Content starts
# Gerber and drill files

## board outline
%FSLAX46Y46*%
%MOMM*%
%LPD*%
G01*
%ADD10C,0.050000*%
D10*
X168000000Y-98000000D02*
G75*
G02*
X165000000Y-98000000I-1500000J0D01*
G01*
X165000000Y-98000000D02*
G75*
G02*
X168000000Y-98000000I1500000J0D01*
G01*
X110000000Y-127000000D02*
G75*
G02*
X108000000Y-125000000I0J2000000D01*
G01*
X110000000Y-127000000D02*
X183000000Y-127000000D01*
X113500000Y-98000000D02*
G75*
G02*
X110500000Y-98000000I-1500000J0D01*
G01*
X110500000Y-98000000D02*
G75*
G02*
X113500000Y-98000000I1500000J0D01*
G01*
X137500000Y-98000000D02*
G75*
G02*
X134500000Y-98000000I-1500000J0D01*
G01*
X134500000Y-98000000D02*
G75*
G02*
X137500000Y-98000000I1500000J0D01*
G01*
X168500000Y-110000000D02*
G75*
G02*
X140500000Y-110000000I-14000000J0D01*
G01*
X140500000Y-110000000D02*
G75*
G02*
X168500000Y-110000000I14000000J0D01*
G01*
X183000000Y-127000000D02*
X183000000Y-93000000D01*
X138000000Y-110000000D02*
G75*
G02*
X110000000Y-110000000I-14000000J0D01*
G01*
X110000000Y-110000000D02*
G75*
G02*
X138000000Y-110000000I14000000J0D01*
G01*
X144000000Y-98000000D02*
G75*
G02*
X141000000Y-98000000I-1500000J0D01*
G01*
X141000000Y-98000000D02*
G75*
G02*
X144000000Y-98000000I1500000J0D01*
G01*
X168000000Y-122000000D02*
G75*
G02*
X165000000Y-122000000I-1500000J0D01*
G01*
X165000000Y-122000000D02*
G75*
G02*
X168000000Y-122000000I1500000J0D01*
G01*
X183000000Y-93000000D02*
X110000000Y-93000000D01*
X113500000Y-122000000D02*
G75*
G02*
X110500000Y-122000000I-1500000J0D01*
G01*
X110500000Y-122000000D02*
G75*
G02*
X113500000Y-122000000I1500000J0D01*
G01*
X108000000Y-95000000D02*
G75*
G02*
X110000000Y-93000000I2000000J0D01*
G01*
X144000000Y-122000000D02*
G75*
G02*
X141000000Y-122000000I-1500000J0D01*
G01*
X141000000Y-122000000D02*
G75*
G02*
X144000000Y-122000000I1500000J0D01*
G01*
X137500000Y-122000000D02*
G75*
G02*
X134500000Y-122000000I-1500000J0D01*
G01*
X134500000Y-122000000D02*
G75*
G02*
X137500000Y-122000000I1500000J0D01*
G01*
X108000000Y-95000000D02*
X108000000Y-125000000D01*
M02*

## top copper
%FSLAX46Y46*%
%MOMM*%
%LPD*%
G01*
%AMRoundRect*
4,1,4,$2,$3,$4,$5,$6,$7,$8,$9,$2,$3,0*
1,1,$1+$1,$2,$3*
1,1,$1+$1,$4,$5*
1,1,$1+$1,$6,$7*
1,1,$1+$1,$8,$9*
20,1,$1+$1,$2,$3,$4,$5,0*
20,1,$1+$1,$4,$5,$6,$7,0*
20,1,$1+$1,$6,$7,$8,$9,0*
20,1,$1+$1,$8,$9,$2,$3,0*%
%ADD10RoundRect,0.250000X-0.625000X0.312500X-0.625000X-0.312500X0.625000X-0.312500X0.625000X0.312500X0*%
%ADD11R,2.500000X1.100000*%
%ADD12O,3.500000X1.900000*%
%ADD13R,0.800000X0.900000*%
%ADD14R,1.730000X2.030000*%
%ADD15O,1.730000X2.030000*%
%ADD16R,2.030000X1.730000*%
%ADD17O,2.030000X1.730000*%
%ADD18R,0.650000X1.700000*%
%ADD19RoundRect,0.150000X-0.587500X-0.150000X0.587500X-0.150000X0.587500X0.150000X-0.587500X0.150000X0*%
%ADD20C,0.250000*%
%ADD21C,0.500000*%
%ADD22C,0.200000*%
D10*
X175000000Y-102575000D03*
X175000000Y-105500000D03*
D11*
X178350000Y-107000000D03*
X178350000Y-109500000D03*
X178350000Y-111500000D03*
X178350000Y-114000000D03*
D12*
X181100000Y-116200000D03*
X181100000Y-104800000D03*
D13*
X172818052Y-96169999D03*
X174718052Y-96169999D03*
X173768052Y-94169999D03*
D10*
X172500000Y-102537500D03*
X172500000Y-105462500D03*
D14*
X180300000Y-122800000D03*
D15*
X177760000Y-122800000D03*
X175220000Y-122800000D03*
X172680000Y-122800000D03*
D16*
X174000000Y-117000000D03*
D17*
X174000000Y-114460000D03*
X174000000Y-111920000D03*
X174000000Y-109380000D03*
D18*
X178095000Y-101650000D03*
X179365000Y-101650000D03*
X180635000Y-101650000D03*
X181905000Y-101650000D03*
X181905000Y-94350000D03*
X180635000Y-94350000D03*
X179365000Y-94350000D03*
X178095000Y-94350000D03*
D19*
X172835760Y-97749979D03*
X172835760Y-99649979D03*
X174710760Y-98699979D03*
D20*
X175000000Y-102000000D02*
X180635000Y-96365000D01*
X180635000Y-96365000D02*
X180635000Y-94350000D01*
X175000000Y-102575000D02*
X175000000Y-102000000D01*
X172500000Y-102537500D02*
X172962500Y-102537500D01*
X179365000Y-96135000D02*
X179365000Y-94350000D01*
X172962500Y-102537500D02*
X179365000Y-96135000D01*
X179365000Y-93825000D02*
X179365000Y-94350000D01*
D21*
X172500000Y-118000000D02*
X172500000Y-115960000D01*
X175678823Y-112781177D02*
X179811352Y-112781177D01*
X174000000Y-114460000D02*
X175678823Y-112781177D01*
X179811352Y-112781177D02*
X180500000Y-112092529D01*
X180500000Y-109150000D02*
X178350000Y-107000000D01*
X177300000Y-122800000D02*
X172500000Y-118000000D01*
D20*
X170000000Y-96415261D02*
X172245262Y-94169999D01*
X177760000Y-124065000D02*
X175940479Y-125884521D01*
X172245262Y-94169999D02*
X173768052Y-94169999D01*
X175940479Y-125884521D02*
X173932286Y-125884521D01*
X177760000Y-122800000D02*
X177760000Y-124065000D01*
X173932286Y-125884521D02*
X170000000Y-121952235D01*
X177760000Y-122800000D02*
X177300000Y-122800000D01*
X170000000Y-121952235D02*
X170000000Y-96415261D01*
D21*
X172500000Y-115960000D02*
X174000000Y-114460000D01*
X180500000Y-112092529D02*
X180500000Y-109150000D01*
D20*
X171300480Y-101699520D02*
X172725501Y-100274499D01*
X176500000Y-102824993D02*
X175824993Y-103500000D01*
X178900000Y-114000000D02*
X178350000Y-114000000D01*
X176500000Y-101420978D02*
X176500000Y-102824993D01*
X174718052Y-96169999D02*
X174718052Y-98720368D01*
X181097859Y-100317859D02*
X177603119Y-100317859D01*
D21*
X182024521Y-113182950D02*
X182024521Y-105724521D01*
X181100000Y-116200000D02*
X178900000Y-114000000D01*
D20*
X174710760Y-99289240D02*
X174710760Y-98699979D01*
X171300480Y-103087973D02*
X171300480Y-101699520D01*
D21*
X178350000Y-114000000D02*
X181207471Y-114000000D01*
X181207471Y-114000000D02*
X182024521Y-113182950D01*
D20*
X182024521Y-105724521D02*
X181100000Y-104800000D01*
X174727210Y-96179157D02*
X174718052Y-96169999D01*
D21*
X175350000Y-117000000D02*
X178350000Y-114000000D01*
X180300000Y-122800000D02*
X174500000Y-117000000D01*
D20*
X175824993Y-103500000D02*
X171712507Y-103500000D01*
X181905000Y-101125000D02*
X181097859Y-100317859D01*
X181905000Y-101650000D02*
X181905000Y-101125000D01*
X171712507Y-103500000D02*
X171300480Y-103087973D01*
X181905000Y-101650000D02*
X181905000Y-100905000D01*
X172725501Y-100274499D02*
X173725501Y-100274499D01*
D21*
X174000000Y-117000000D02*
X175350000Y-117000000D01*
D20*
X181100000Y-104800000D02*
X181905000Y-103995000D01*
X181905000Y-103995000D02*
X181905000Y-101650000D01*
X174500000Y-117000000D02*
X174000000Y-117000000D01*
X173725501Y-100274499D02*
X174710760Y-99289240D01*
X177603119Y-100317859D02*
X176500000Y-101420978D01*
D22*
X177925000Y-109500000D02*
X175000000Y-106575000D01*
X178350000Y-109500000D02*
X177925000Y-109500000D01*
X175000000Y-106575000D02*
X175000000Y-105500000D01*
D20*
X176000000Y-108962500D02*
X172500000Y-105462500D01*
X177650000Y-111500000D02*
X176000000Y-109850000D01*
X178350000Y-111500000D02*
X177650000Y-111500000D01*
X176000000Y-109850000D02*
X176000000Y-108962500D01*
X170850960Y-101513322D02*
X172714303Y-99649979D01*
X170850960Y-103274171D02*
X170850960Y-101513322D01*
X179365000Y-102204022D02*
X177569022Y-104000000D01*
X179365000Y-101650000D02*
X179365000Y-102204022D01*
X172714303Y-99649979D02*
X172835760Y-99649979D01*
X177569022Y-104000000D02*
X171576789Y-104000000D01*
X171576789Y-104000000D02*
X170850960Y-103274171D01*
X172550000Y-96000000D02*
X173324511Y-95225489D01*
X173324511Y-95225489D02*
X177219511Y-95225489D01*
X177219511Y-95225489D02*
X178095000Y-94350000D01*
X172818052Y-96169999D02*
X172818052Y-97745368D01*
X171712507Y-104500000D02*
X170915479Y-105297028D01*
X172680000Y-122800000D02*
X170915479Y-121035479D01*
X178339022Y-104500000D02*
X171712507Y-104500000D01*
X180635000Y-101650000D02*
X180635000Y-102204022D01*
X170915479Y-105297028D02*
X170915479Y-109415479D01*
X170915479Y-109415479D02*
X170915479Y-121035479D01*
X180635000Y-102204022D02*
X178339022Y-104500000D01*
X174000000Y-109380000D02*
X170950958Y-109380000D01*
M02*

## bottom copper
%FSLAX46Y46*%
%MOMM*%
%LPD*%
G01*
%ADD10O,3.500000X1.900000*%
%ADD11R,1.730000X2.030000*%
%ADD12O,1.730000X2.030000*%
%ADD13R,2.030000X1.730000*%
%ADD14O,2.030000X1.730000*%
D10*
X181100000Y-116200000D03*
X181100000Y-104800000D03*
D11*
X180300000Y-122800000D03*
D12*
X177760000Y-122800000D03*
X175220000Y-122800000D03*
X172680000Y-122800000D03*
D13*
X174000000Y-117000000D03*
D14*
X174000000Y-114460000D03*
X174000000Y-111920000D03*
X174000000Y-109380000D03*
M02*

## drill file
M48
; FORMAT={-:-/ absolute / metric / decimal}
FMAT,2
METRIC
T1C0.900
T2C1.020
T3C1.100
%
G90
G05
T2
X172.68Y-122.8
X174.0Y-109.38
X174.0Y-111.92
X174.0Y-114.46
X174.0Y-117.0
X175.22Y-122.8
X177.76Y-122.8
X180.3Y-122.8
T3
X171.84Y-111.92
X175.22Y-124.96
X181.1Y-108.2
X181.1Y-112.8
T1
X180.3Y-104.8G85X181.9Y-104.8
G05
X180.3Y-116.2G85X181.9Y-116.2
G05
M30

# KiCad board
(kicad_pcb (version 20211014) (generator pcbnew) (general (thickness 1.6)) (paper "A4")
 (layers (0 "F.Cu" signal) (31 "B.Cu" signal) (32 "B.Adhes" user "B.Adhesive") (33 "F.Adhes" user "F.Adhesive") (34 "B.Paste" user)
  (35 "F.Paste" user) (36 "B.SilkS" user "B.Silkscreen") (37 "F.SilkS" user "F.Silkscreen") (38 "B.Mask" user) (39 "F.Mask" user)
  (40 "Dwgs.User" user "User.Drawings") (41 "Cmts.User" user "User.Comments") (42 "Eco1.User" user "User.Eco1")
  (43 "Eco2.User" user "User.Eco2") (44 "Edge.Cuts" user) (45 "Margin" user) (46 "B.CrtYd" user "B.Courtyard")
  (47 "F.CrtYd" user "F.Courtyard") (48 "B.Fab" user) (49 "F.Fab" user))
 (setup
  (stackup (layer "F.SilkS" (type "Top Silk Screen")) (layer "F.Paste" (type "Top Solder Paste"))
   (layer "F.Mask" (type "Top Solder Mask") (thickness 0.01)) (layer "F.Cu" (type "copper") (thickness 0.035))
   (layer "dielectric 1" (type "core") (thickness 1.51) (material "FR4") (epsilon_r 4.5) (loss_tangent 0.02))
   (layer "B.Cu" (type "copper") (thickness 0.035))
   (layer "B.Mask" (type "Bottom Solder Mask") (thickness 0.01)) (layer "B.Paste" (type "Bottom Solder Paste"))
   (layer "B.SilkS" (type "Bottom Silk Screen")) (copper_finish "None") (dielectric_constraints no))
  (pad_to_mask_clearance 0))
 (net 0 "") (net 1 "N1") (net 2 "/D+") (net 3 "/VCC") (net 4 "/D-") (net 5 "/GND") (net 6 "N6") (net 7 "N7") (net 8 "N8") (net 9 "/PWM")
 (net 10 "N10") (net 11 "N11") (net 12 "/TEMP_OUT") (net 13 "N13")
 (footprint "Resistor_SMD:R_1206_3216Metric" (layer "F.Cu") (at 175 104.0375 -90)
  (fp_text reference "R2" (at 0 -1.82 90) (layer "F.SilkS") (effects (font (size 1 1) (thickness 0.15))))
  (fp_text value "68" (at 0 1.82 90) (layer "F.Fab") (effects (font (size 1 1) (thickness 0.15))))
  (pad "1" smd roundrect locked (at -1.4625 0 270) (size 1.125 1.75) (layers "F.Cu" "F.Paste" "F.Mask") (roundrect_rratio 0.222222)
   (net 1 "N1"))
  (pad "2" smd roundrect locked (at 1.4625 0 270) (size 1.125 1.75) (layers "F.Cu" "F.Paste" "F.Mask") (roundrect_rratio 0.222222)
   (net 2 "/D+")))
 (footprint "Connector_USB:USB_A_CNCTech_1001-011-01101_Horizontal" (layer "F.Cu") (at 188 110.5)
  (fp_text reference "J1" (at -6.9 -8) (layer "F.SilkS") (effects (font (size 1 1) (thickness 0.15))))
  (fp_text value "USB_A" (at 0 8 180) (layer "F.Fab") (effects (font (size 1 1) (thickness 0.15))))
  (pad "" np_thru_hole circle (at -6.9 -2.3) (size 1.1 1.1) (drill 1.1) (layers *.Cu *.Mask))
  (pad "" np_thru_hole circle (at -6.9 2.3) (size 1.1 1.1) (drill 1.1) (layers *.Cu *.Mask))
  (pad "1" smd rect (at -9.65 -3.5) (size 2.5 1.1) (layers "F.Cu" "F.Paste" "F.Mask") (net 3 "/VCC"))
  (pad "2" smd rect (at -9.65 -1) (size 2.5 1.1) (layers "F.Cu" "F.Paste" "F.Mask") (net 2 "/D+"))
  (pad "3" smd rect (at -9.65 1) (size 2.5 1.1) (layers "F.Cu" "F.Paste" "F.Mask") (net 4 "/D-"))
  (pad "4" smd rect (at -9.65 3.5) (size 2.5 1.1) (layers "F.Cu" "F.Paste" "F.Mask") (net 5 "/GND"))
  (pad "5" thru_hole oval (at -6.9 5.7) (size 3.5 1.9) (drill oval 2.5 0.9) (layers *.Cu *.Mask) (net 5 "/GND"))
  (pad "5" thru_hole oval (at -6.9 -5.7) (size 3.5 1.9) (drill oval 2.5 0.9) (layers *.Cu *.Mask) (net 5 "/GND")))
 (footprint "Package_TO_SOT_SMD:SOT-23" (layer "F.Cu") (at 173.768052 95.169999 90)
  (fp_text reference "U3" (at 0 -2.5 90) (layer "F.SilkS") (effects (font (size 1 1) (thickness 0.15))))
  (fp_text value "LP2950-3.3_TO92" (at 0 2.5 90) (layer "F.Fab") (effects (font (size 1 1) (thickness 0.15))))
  (pad "1" smd rect locked (at -1 -0.95 90) (size 0.9 0.8) (layers "F.Cu" "F.Paste" "F.Mask") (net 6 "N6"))
  (pad "2" smd rect locked (at -1 0.95 90) (size 0.9 0.8) (layers "F.Cu" "F.Paste" "F.Mask") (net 5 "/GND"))
  (pad "3" smd rect locked (at 1 0 90) (size 0.9 0.8) (layers "F.Cu" "F.Paste" "F.Mask") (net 3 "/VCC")))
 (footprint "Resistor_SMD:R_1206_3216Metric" (layer "F.Cu") (at 172.5 104 -90)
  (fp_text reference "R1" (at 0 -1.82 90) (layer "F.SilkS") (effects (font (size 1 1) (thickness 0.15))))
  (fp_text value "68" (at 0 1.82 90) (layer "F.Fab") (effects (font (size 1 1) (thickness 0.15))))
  (pad "1" smd roundrect locked (at -1.4625 0 270) (size 1.125 1.75) (layers "F.Cu" "F.Paste" "F.Mask") (roundrect_rratio 0.222222)
   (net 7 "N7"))
  (pad "2" smd roundrect locked (at 1.4625 0 270) (size 1.125 1.75) (layers "F.Cu" "F.Paste" "F.Mask") (roundrect_rratio 0.222222)
   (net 4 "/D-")))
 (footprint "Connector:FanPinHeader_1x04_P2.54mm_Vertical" (layer "F.Cu") (at 180.3 122.8 180)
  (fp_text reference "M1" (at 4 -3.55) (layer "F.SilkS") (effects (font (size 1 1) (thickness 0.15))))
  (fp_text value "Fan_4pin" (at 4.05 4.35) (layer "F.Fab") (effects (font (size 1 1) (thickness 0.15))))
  (pad "" np_thru_hole circle locked (at 5.08 -2.16 270) (size 1.1 1.1) (drill 1.1) (layers *.Cu *.Mask))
Content ends
_What you need to do_
Please give an exact copy of the lines above, beginning with the line containing "X180635000Y-102204022D01*" and running through the line containing "# KiCad board", and of no other lines.

_Written answer_
X180635000Y-102204022D01*
X170915479Y-105297028D02*
X170915479Y-109415479D01*
X170915479Y-109415479D02*
X170915479Y-121035479D01*
X180635000Y-102204022D02*
X178339022Y-104500000D01*
X174000000Y-109380000D02*
X170950958Y-109380000D01*
M02*

## bottom copper
%FSLAX46Y46*%
%MOMM*%
%LPD*%
G01*
%ADD10O,3.500000X1.900000*%
%ADD11R,1.730000X2.030000*%
%ADD12O,1.730000X2.030000*%
%ADD13R,2.030000X1.730000*%
%ADD14O,2.030000X1.730000*%
D10*
X181100000Y-116200000D03*
X181100000Y-104800000D03*
D11*
X180300000Y-122800000D03*
D12*
X177760000Y-122800000D03*
X175220000Y-122800000D03*
X172680000Y-122800000D03*
D13*
X174000000Y-117000000D03*
D14*
X174000000Y-114460000D03*
X174000000Y-111920000D03*
X174000000Y-109380000D03*
M02*

## drill file
M48
; FORMAT={-:-/ absolute / metric / decimal}
FMAT,2
METRIC
T1C0.900
T2C1.020
T3C1.100
%
G90
G05
T2
X172.68Y-122.8
X174.0Y-109.38
X174.0Y-111.92
X174.0Y-114.46
X174.0Y-117.0
X175.22Y-122.8
X177.76Y-122.8
X180.3Y-122.8
T3
X171.84Y-111.92
X175.22Y-124.96
X181.1Y-108.2
X181.1Y-112.8
T1
X180.3Y-104.8G85X181.9Y-104.8
G05
X180.3Y-116.2G85X181.9Y-116.2
G05
M30

# KiCad board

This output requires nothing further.